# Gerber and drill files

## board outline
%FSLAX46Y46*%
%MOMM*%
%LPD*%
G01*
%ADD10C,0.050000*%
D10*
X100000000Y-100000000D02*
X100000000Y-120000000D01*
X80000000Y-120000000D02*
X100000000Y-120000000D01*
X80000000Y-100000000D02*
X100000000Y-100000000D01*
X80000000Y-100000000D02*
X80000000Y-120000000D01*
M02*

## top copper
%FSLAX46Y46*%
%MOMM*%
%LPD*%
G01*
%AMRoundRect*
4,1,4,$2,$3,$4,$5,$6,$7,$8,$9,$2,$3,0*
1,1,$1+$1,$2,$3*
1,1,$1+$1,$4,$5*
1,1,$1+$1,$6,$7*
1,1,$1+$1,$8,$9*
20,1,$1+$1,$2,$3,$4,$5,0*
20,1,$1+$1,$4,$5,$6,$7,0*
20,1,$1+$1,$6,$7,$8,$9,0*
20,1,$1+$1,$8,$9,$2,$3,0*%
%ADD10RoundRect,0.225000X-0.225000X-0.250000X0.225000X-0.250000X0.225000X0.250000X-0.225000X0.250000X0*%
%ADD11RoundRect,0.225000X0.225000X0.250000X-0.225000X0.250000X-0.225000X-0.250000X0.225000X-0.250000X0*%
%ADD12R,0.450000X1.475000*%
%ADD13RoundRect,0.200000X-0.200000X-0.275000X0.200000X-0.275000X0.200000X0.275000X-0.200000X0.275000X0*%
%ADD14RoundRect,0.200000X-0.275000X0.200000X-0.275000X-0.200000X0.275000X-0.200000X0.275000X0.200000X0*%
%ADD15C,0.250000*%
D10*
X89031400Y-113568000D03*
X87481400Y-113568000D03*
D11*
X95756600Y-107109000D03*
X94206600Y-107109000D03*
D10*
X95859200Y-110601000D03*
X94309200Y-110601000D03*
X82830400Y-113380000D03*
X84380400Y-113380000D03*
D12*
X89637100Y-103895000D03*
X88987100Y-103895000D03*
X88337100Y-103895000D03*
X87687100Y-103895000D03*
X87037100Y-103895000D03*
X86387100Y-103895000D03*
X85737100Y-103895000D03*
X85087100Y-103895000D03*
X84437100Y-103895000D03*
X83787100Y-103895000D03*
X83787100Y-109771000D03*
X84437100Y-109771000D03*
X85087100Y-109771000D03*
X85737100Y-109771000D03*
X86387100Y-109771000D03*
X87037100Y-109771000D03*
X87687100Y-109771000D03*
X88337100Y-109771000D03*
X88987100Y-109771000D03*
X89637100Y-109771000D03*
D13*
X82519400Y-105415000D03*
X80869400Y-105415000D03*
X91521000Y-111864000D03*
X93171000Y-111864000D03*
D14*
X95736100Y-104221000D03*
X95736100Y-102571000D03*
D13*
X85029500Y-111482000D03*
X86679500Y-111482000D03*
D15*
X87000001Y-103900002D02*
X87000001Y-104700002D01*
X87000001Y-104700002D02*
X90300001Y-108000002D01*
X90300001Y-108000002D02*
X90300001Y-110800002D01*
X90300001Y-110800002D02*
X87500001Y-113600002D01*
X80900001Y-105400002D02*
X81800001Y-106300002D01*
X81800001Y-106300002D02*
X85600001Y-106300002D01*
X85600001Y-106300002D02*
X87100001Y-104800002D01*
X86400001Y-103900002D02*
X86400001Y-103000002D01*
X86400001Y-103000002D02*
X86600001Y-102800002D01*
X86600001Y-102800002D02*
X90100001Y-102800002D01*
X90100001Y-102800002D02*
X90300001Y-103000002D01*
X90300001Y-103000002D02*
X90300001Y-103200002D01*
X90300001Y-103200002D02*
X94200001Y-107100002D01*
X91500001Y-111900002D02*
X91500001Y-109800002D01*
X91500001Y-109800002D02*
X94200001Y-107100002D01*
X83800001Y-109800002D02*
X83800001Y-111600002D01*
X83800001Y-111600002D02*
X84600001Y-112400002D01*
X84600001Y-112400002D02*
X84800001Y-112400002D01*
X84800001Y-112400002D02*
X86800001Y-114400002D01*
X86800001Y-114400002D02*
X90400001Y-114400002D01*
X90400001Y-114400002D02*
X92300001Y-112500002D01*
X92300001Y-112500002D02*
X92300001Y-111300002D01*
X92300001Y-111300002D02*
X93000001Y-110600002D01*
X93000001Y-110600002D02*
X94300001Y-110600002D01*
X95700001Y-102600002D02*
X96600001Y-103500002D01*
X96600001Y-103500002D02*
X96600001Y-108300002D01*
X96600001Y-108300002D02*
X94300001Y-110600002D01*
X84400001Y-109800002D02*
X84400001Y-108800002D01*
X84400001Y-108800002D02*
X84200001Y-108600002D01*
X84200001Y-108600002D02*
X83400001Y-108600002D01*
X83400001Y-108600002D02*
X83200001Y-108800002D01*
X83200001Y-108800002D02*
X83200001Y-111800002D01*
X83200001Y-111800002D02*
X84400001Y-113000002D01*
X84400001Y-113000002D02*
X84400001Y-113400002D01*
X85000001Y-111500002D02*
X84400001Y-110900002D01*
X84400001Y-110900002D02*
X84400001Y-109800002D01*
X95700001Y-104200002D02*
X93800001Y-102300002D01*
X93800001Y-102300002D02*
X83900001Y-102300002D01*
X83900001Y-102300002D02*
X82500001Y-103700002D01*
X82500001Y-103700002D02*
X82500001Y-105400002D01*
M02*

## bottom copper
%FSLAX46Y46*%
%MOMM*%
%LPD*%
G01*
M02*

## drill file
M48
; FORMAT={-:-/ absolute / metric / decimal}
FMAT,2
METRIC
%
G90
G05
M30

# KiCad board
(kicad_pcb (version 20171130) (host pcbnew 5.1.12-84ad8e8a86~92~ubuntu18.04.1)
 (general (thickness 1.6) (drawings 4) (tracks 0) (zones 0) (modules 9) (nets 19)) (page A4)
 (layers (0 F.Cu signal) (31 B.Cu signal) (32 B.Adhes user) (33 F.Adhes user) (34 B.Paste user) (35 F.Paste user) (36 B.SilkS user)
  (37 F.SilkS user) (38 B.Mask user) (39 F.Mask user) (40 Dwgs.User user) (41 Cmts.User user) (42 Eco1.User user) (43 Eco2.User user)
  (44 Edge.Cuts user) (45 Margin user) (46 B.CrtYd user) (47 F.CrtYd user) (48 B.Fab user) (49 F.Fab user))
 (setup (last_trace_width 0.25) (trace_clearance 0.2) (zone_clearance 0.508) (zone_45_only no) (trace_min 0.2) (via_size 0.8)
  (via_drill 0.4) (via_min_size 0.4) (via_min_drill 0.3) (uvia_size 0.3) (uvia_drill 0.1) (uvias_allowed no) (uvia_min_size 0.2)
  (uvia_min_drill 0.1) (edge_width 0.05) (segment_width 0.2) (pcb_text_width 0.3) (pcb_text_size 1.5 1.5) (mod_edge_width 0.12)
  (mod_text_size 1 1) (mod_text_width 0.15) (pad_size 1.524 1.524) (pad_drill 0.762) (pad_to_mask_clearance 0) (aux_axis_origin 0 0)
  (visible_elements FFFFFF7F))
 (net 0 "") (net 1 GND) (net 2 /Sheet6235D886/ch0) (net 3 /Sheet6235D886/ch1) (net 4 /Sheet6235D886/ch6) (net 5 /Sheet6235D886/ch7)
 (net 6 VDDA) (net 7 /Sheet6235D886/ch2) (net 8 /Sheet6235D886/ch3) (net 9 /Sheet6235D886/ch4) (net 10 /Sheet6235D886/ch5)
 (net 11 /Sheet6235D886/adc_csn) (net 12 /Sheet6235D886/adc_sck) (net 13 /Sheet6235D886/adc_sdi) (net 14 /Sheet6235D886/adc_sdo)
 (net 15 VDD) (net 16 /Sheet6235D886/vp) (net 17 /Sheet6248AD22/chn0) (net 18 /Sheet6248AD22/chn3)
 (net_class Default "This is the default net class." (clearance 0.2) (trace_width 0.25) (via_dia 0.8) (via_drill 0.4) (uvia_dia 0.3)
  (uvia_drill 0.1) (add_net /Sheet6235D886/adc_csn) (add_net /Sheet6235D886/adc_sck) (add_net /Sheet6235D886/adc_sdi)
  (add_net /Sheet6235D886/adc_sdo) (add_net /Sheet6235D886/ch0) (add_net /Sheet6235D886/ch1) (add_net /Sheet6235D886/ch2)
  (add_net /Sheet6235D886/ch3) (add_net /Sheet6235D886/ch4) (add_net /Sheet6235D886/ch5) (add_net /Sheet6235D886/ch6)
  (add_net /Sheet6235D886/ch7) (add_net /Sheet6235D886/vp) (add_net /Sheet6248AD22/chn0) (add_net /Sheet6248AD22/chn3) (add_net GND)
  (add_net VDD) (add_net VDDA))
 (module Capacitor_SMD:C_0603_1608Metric (layer F.Cu) (at 88.256400 113.568000)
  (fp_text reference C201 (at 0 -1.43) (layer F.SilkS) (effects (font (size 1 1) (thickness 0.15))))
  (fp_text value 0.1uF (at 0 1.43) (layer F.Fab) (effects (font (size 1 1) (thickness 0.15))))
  (pad 2 smd roundrect (at 0.775 0) (size 0.9 0.95) (layers F.Cu F.Mask F.Paste) (roundrect_rratio 0.25) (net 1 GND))
  (pad 1 smd roundrect (at -0.775 0) (size 0.9 0.95) (layers F.Cu F.Mask F.Paste) (roundrect_rratio 0.25) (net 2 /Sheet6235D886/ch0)))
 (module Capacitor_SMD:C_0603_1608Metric (layer F.Cu) (at 94.981600 107.109000 180.000000)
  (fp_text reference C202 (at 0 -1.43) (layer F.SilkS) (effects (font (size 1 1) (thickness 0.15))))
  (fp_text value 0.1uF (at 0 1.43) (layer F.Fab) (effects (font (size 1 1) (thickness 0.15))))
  (pad 1 smd roundrect (at -0.775 0 180.000000) (size 0.9 0.95) (layers F.Cu F.Mask F.Paste) (roundrect_rratio 0.25) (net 1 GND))
  (pad 2 smd roundrect (at 0.775 0 180.000000) (size 0.9 0.95) (layers F.Cu F.Mask F.Paste) (roundrect_rratio 0.25)
   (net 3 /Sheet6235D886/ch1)))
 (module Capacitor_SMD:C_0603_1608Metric (layer F.Cu) (at 95.084200 110.601000)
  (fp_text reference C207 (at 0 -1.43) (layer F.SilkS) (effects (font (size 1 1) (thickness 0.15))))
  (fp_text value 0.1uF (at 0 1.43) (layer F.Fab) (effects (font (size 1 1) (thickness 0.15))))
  (pad 2 smd roundrect (at 0.775 0) (size 0.9 0.95) (layers F.Cu F.Mask F.Paste) (roundrect_rratio 0.25) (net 1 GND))
  (pad 1 smd roundrect (at -0.775 0) (size 0.9 0.95) (layers F.Cu F.Mask F.Paste) (roundrect_rratio 0.25) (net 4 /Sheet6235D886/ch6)))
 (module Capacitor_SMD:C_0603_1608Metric (layer F.Cu) (at 83.605400 113.380000)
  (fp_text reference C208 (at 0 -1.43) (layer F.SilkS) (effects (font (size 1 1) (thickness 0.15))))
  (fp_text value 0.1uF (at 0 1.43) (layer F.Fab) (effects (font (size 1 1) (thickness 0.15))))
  (pad 1 smd roundrect (at -0.775 0) (size 0.9 0.95) (layers F.Cu F.Mask F.Paste) (roundrect_rratio 0.25) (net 1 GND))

#####

# [EXERCISE INSTRUCTIONS]
Would you please write out, exactly and with no other lines, the stretch of the listing above from the line containing "X90300001Y-108000002D01*" through the line containing "X87100001Y-104800002D01*"?

# [RESPONSE FOR THIS EXERCISE]
X90300001Y-108000002D01*
X90300001Y-108000002D02*
X90300001Y-110800002D01*
X90300001Y-110800002D02*
X87500001Y-113600002D01*
X80900001Y-105400002D02*
X81800001Y-106300002D01*
X81800001Y-106300002D02*
X85600001Y-106300002D01*
X85600001Y-106300002D02*
X87100001Y-104800002D01*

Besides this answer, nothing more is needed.